» YOUR INSTRUCTIONS:
Go through the entries below and print, exactly, the lines starting at the one with "X136174977Y-96099999D01*" and ending at the one with "X136364475Y-96393114D01*", keeping both ends and no others.

» PROVIDED ENTRIES:

★ ★ ★

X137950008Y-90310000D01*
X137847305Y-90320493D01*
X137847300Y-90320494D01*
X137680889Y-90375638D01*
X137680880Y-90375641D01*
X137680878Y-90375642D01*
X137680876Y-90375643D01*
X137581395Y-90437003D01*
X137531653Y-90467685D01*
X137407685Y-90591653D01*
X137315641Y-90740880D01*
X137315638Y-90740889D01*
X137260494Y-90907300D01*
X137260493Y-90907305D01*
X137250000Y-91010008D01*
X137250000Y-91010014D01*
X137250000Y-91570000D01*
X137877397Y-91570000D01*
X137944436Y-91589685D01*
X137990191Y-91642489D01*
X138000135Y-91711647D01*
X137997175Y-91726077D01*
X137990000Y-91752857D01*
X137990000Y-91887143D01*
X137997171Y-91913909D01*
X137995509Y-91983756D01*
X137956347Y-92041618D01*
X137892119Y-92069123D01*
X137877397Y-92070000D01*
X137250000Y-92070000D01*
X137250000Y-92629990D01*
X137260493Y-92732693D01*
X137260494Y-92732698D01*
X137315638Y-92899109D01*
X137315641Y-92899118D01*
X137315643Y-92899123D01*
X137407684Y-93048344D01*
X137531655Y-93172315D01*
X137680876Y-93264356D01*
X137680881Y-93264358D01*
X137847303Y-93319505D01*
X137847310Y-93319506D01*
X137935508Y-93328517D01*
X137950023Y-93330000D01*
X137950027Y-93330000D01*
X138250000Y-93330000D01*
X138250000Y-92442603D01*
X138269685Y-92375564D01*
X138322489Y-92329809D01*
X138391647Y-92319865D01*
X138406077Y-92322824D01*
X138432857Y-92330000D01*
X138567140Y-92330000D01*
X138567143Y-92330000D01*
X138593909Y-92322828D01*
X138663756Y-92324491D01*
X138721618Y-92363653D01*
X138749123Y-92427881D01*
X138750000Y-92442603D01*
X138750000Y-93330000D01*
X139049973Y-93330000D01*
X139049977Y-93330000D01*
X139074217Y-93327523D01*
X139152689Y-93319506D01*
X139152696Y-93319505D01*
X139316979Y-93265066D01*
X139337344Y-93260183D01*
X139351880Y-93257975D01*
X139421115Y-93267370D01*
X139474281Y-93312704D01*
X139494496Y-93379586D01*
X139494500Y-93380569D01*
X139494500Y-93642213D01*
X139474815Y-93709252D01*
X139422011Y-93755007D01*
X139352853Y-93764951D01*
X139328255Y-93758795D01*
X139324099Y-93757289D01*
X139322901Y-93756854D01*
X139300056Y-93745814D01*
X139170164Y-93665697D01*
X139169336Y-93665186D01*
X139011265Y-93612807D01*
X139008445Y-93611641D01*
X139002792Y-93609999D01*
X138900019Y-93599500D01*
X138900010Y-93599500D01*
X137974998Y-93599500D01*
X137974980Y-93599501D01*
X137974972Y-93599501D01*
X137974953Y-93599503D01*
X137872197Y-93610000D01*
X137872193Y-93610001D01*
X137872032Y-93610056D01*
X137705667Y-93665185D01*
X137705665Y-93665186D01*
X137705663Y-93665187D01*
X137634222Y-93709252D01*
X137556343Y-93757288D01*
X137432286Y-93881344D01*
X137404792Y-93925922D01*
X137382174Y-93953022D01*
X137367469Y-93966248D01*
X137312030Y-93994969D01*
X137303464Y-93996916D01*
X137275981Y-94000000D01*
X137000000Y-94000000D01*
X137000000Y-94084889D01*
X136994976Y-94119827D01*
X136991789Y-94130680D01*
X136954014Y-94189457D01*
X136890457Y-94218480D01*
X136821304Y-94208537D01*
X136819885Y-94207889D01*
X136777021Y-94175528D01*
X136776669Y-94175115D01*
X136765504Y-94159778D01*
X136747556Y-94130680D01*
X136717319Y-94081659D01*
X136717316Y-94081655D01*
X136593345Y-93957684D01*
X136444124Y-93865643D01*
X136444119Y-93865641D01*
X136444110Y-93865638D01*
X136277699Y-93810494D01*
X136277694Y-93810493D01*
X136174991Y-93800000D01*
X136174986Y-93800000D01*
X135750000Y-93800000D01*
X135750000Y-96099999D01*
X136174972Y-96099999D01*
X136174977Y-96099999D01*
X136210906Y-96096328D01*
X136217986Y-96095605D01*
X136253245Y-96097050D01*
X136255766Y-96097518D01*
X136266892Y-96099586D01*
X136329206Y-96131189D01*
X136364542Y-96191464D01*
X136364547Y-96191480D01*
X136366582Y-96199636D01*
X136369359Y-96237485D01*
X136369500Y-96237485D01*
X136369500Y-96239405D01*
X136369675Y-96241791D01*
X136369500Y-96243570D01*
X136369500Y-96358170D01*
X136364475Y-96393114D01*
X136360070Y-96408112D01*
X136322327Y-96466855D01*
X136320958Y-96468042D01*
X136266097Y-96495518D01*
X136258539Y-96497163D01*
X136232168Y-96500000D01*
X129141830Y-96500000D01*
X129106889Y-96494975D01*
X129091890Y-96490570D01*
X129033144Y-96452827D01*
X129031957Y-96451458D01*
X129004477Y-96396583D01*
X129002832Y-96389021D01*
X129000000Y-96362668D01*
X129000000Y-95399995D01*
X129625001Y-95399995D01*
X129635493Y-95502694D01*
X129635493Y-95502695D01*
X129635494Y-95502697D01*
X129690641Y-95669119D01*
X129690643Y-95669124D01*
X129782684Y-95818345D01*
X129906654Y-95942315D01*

★ ★ ★

» THE COMPLETED TASK:
X136174977Y-96099999D01*
X136210906Y-96096328D01*
X136217986Y-96095605D01*
X136253245Y-96097050D01*
X136255766Y-96097518D01*
X136266892Y-96099586D01*
X136329206Y-96131189D01*
X136364542Y-96191464D01*
X136364547Y-96191480D01*
X136366582Y-96199636D01*
X136369359Y-96237485D01*
X136369500Y-96237485D01*
X136369500Y-96239405D01*
X136369675Y-96241791D01*
X136369500Y-96243570D01*
X136369500Y-96358170D01*
X136364475Y-96393114D01*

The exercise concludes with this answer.